What the exercise asks >> Using the records below, quote only the span that opens with the line containing "absolute / metric" and closes with the line containing "(kicad_pcb (version 20171130)", exactly and inclusively.

Data excerpts >>
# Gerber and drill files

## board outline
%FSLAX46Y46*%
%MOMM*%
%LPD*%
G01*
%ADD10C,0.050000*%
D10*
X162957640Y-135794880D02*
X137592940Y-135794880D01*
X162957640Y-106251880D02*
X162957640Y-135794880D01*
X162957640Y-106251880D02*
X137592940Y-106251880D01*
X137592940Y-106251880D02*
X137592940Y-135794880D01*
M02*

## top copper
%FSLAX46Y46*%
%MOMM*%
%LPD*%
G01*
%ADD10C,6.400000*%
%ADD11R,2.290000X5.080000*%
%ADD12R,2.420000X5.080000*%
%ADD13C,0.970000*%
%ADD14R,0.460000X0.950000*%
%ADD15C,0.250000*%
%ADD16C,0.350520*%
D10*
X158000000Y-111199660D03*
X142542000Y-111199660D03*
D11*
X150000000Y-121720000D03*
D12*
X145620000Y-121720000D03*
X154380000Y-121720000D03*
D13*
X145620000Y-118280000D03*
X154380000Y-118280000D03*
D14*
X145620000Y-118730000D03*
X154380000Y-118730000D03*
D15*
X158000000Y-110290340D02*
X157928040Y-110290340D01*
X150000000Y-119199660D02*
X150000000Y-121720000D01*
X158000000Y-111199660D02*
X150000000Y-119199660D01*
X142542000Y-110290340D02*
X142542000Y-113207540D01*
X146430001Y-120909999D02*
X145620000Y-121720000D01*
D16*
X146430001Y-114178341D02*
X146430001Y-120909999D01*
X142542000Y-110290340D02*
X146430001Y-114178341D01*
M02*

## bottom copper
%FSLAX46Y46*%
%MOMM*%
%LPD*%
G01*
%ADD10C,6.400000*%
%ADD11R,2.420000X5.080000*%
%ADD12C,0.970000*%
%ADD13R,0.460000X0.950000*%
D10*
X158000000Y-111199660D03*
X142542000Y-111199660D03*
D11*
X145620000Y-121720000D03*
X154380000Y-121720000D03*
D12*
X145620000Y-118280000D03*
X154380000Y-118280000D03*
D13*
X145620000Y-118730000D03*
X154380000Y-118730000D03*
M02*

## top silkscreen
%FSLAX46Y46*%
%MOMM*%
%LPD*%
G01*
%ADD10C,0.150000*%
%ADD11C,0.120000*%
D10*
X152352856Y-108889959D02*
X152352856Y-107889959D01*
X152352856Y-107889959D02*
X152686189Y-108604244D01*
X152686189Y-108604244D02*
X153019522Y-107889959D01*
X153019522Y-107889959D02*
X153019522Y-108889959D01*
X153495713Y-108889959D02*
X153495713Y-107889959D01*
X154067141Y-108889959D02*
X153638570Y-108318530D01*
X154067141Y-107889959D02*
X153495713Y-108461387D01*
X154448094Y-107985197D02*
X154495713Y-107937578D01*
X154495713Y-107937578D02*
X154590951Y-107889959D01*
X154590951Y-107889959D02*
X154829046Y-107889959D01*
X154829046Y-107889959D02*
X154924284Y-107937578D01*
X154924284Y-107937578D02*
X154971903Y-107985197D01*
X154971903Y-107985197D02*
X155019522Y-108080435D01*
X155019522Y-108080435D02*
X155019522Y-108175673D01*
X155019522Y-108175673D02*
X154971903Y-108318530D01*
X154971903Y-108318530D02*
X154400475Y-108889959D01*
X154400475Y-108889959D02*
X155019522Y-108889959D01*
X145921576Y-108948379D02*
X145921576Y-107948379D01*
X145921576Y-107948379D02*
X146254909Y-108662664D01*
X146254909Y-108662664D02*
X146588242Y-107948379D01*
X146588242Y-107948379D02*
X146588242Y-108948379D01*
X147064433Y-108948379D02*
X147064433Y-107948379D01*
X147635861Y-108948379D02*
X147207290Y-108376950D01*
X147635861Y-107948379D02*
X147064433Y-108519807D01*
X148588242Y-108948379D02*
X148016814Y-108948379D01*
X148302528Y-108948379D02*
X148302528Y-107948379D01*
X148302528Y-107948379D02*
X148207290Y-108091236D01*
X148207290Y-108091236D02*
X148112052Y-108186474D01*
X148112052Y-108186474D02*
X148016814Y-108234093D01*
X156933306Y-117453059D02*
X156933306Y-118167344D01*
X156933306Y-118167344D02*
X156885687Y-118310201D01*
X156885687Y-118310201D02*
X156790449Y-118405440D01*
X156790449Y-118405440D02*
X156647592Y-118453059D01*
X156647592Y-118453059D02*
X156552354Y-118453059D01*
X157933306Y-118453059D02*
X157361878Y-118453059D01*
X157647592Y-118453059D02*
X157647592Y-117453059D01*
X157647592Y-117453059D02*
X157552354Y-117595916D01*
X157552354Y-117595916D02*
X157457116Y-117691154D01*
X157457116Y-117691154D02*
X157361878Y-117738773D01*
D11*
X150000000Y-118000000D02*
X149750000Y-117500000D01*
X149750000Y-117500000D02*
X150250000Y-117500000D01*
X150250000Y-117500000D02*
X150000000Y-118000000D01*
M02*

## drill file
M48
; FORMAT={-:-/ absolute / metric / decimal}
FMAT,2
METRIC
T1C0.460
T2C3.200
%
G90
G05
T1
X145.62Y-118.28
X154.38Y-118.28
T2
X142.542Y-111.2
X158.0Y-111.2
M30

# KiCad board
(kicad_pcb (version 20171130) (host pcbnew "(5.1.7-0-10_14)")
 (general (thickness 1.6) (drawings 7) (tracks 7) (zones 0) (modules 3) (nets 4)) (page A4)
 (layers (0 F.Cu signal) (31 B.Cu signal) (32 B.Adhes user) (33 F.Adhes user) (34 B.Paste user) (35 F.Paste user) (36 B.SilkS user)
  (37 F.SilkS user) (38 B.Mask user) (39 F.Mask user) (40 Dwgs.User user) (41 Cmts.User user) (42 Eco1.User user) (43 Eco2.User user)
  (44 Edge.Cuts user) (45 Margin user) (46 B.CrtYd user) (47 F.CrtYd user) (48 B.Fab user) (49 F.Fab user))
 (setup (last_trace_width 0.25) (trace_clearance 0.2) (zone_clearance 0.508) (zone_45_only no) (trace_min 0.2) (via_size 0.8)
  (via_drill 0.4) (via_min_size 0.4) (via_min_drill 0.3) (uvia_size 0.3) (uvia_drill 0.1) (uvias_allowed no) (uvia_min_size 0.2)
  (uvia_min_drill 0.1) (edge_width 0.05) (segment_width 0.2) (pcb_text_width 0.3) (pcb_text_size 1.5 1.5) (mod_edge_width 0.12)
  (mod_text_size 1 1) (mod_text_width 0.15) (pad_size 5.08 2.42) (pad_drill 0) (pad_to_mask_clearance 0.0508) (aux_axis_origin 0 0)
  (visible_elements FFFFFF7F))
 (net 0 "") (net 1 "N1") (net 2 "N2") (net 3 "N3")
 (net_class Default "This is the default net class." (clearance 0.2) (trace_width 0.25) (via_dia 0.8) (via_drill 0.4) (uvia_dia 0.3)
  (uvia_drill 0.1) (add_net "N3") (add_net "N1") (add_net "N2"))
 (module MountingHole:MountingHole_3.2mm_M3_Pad (layer F.Cu) (at 158 111.19966)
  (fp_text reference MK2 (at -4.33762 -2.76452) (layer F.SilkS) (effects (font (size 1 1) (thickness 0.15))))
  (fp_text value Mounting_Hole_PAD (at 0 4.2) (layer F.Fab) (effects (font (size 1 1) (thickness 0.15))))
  (pad 1 thru_hole circle (at 0 0) (size 6.4 6.4) (drill 3.2) (layers *.Cu *.Mask) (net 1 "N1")))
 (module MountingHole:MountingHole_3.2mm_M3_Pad (layer F.Cu) (at 142.542 111.19966)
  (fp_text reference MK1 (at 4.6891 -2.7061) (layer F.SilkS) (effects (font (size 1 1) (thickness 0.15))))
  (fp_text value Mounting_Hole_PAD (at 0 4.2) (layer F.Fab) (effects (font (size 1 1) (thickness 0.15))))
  (pad 1 thru_hole circle (at 0 0) (size 6.4 6.4) (drill 3.2) (layers *.Cu *.Mask) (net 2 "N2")))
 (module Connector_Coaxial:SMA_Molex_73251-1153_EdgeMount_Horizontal (layer F.Cu) (at 150 120 90)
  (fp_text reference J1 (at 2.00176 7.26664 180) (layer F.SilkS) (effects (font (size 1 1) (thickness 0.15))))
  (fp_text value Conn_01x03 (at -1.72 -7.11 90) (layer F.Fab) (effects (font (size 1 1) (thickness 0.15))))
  (fp_line (start 2 0) (end 2.5 -0.25) (layer F.SilkS) (width 0.12))
  (fp_line (start 2.5 -0.25) (end 2.5 0.25) (layer F.SilkS) (width 0.12))
  (fp_line (start 2.5 0.25) (end 2 0) (layer F.SilkS) (width 0.12))
  (pad 2 smd rect (at -1.72 0 90) (size 5.08 2.29) (layers F.Cu F.Paste F.Mask) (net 1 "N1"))
  (pad 3 smd rect (at -1.72 -4.38 90) (size 5.08 2.42) (layers F.Cu F.Paste F.Mask) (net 2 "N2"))
  (pad 1 smd rect (at -1.72 4.38 90) (size 5.08 2.42) (layers F.Cu F.Paste F.Mask) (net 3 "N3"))
  (pad 2 smd rect (at -1.72 -4.38 90) (size 5.08 2.42) (layers B.Cu B.Paste B.Mask) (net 1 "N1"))
  (pad 2 smd rect (at -1.72 4.38 90) (size 5.08 2.42) (layers B.Cu B.Paste B.Mask) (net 1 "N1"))
  (pad 2 thru_hole circle (at 1.72 -4.38 90) (size 0.97 0.97) (drill 0.46) (layers *.Cu) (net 1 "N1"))
  (pad 2 thru_hole circle (at 1.72 4.38 90) (size 0.97 0.97) (drill 0.46) (layers *.Cu) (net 1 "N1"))
  (pad 2 smd rect (at 1.27 -4.38 90) (size 0.95 0.46) (layers F.Cu) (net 1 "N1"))
  (pad 2 smd rect (at 1.27 4.38 90) (size 0.95 0.46) (layers F.Cu) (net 1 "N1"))
  (pad 2 smd rect (at 1.27 -4.38 90) (size 0.95 0.46) (layers B.Cu) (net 1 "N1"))
  (pad 2 smd rect (at 1.27 4.38 90) (size 0.95 0.46) (layers B.Cu) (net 1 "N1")))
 (gr_line (start 162.95764 135.79488) (end 137.59294 135.79488) (layer Edge.Cuts) (width 0.05))
 (gr_line (start 162.95764 106.25188) (end 162.95764 135.79488) (layer Edge.Cuts) (width 0.05))
 (gr_line (start 162.95764 106.25188) (end 137.59294 106.25188) (layer Edge.Cuts) (width 0.05))
 (gr_line (start 137.59294 106.25188) (end 137.59294 135.79488) (layer Edge.Cuts) (width 0.05))
 (segment (start 158 110.29034) (end 157.92804 110.29034) (width 0.25) (layer F.Cu) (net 1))
 (segment (start 150 119.19966) (end 150 121.72) (width 0.25) (layer F.Cu) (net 1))
 (segment (start 158 111.19966) (end 150 119.19966) (width 0.25) (layer F.Cu) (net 1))
 (segment (start 142.542 110.29034) (end 142.542 113.20754) (width 0.25) (layer F.Cu) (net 2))
 (segment (start 146.430001 120.909999) (end 145.62 121.72) (width 0.25) (layer F.Cu) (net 2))
 (segment (start 146.430001 114.178341) (end 146.430001 120.909999) (width 0.35052) (layer F.Cu) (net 2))
 (segment (start 142.542 110.29034) (end 146.430001 114.178341) (width 0.35052) (layer F.Cu) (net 2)))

Exercise response >>
; FORMAT={-:-/ absolute / metric / decimal}
FMAT,2
METRIC
T1C0.460
T2C3.200
%
G90
G05
T1
X145.62Y-118.28
X154.38Y-118.28
T2
X142.542Y-111.2
X158.0Y-111.2
M30

# KiCad board
(kicad_pcb (version 20171130) (host pcbnew "(5.1.7-0-10_14)")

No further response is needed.